Mientras tanto, debí quedarme dormida, porque me sobresalté cuando sonó el timbre de la puerta. Me levanté, miré el reloj y me confundió que la aguja ya señalara las 4 de la tarde. El timbre volvió a sonar.
“Oh, sí, por eso me he despertado”, dije como para mí misma. Cansada, vestida sólo con un pijama corto, abrí la puerta. Uy, mi interlocutor tenía las manos apoyadas en el marco de la puerta, me miró con perspicacia y me dijo:
—Hola pequeña Layla, estaba en casa de tu hermano y pensé en pasar a verte.
«Oh, qué ingenioso, sí, claro, en casa de mi hermano. Genial y yo me llamo inocencia», pensé. Mi expresión se contorsionó un poco y me quedé con los ojos muy abiertos.
—¿No me vas a invitar a entrar? —me preguntó descaradamente.
—Si quieres…
Dejé la puerta abierta y me alejé, mirando hacia atrás y diciendo mientras caminaba:
—¿Café?
—Perfecto. —respondió y ya estaba dentro.
—Layla, será mejor que no haga esto con la pequeña en el futuro. ¿No debería?
—Oh, Dios mío, eres enseñable, esto está resuelto entonces. ¿Azúcar, leche?
— Gracias, lo bebo negro.
—Sí, eso encaja. —salió de mí y ahora tuve que sonreír. Cuando me volví hacia Leo, ya estaba sentado en el sofá y sonreía amablemente en mi dirección. Me quejé. Mi piso no era muy grande y desde mi pequeña cocina abierta había probablemente 10 pasos hasta el sofá, así que me senté a su lado.
—Gracias. Dime, ¿cómo estás? —quiso saber.
¡¿La influencia del alcohol de ayer fue tan grande después de todo, oops!

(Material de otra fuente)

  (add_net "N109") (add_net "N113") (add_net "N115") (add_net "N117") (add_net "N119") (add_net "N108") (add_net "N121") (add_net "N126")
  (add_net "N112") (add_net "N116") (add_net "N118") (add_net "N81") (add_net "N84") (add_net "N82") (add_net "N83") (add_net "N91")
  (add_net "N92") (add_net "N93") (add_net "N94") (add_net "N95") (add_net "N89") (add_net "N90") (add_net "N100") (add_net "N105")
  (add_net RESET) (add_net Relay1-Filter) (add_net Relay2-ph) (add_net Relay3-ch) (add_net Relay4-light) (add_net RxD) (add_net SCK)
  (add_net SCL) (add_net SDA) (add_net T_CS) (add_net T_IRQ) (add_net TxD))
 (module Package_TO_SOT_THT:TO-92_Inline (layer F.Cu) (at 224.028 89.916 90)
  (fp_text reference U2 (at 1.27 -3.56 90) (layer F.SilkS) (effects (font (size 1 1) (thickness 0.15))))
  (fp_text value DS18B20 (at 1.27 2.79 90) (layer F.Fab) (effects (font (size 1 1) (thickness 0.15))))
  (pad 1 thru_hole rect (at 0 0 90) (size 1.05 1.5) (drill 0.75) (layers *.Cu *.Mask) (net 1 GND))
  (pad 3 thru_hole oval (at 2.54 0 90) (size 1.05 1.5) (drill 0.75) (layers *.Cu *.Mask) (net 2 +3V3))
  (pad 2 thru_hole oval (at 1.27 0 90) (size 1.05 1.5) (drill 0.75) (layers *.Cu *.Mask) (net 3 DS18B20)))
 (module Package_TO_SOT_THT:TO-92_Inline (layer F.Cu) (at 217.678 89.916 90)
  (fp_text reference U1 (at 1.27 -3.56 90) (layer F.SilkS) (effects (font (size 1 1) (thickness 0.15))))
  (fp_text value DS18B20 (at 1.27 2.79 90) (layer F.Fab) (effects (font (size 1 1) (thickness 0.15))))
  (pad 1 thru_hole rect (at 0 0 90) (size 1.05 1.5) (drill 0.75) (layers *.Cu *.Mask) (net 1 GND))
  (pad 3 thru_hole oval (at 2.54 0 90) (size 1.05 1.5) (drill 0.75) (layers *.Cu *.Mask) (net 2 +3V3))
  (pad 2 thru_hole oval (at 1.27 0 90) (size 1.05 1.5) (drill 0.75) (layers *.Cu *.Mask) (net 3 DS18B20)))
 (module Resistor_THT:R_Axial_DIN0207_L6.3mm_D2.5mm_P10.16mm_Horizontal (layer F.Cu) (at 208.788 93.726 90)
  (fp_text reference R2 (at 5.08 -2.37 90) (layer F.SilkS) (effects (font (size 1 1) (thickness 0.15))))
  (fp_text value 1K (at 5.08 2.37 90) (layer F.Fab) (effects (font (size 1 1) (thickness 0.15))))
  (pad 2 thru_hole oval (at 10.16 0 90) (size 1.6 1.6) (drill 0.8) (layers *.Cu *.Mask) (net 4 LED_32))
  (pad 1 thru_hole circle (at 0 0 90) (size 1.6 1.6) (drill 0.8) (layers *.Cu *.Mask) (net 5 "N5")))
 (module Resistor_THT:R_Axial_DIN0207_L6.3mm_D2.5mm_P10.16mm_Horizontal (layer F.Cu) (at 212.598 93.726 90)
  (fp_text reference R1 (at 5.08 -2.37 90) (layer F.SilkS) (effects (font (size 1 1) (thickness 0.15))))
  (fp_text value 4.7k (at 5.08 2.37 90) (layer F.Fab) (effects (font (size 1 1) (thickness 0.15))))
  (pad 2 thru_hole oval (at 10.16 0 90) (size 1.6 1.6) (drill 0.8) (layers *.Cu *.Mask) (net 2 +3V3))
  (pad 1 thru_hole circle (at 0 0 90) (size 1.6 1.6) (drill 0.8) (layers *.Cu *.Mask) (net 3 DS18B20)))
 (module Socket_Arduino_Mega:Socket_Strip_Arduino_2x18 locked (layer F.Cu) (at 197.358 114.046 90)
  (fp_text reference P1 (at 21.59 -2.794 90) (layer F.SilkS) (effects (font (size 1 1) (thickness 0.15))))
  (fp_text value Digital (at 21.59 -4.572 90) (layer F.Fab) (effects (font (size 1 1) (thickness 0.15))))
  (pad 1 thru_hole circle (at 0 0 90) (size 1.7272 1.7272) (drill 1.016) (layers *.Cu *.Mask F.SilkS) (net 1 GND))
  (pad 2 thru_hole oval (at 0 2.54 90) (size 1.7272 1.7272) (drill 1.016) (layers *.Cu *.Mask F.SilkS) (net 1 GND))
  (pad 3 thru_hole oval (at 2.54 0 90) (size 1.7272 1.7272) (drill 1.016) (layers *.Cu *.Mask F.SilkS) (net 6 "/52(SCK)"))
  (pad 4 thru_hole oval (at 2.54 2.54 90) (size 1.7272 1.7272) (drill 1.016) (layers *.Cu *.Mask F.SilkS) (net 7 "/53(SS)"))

—Estoy un poco cansada, pero bien. Gracias por preguntar. No me duele la cabeza. —le mentí y ahora quería saber de él:
—Me pregunto qué haces realmente aquí.
—Mmm, veo que no te gustan los juegos, eso te hace muy simpática. Realmente me invitaron a la casa de tu hermano. Anoche te conocí como una persona muy honesta y me fascina el hecho de que te moleste más que otra cosa.

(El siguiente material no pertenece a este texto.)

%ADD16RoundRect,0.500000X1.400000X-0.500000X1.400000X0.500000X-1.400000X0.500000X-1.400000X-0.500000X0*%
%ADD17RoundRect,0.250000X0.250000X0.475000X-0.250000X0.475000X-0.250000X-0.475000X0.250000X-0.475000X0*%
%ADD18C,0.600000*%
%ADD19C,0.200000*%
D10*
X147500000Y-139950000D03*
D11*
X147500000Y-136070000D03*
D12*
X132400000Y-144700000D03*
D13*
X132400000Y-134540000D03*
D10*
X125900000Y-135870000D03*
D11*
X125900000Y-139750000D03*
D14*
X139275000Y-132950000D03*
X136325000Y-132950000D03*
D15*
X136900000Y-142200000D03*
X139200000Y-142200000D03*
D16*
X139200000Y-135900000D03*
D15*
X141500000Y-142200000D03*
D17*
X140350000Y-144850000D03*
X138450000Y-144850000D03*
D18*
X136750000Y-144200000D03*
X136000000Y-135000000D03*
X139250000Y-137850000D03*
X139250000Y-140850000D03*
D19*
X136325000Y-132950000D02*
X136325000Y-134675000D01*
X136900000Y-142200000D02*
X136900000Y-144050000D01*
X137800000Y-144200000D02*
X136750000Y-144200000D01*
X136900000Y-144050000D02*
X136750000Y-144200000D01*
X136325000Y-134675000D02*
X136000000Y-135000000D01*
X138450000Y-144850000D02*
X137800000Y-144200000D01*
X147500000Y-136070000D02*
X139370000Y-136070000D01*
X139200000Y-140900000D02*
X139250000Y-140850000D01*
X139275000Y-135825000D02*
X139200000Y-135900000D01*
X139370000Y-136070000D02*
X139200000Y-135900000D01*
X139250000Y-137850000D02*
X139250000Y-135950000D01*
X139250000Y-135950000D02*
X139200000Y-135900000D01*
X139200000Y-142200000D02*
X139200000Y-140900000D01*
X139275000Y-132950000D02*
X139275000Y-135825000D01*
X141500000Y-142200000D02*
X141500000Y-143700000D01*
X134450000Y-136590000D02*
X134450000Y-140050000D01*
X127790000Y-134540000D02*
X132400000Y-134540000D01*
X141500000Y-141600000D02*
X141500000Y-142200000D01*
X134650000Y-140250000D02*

Estaba a punto de responderle cuando dijo:
—No me interrumpas ahora, no tengo tanta experiencia en ser como soy. La mayoría de las mujeres que conozco me persiguen de todos modos porque conocen a mi padre y saben que se supone que soy un buen partido. Eres diferente, por eso me gustaría conocerte mejor. Por cierto, tu acento es muy lindo.

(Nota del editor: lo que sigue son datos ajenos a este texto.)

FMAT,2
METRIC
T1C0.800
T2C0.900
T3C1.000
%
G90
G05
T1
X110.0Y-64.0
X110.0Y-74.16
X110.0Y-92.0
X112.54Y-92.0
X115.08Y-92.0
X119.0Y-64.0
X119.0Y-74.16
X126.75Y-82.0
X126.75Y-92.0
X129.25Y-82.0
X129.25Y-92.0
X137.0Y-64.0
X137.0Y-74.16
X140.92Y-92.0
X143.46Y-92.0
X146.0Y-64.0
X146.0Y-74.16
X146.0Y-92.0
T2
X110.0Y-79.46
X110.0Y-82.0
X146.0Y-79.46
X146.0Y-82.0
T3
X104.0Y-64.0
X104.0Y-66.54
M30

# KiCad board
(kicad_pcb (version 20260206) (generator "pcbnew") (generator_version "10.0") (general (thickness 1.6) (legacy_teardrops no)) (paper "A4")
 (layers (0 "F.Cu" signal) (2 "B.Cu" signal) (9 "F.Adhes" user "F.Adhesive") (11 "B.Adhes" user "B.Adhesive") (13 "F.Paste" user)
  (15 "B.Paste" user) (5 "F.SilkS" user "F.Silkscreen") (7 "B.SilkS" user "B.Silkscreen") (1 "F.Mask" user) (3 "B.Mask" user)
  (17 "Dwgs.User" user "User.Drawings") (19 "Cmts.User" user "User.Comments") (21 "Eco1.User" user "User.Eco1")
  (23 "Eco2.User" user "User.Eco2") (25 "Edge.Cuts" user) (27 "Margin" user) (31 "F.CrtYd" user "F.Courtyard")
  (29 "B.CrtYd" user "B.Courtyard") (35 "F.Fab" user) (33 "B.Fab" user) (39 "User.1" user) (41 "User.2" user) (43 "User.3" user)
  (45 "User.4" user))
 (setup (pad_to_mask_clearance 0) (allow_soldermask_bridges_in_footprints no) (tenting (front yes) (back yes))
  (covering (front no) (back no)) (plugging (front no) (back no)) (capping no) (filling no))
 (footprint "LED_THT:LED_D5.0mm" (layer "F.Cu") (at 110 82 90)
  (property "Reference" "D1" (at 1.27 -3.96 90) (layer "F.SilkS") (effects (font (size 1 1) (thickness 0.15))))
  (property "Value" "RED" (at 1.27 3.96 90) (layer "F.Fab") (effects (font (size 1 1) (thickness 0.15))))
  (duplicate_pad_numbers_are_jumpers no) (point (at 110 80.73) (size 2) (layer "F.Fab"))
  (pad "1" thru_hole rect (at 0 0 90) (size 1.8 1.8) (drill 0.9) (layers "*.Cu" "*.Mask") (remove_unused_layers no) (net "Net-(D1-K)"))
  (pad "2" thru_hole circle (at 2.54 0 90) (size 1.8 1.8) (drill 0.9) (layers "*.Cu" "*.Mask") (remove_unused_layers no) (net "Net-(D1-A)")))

¡Genial! Eso era una manera de decir “No eres bonita”, me gustas o cualquier otra frase hubiera estado mejor.
—Para alguien que no parece tener mucha práctica en ello, lo haces bastante bien. ¿Qué significa conocerte? —pregunté con una sonrisa. Ahora su tensión había desaparecido y le devolvió la sonrisa.
—Mmm, conociéndote mejor y sabiendo quién eres , todo lo demás se aclarará.
Ahora se rió con bastante descaro. Sí, sus hermosos dientes blancos eran visibles de nuevo. Me di cuenta de que estaba bastante relajada en su presencia. Normalmente, cuando tengo visitas masculinas que no conozco bien, siempre me pongo muy nerviosa.
—Bueno y…dime…¿Cuánto tiempo vas a estar en Dinamarca? —quería saber.
—Buena pregunta, supongo que todo el tiempo que quiera o hasta que mi padre me necesite. Mis padres ya se han ido a casa. Me alojo en el Copenhagen Marriott Hotel, justo frente al puerto de Sydhavnen, por así decirlo. —dijo encogiéndose de hombros.
Me pareció entonces que, de alguna manera, se avergonzaba de vivir con tanto lujo. El Copenhagen Marriott Hotel es un hotel de 5 estrellas. Cualquier otro habría presumido de ello. Pero podría ser sólo un truco suyo, ya veremos. Todavía estaba en guardia.
—¿Te gustaría hacer algo conmigo la semana que viene? —me preguntó cuando se dio cuenta de que le estaba mirando. Pensé para mí, «¿Una cita? ¡Ayuda!».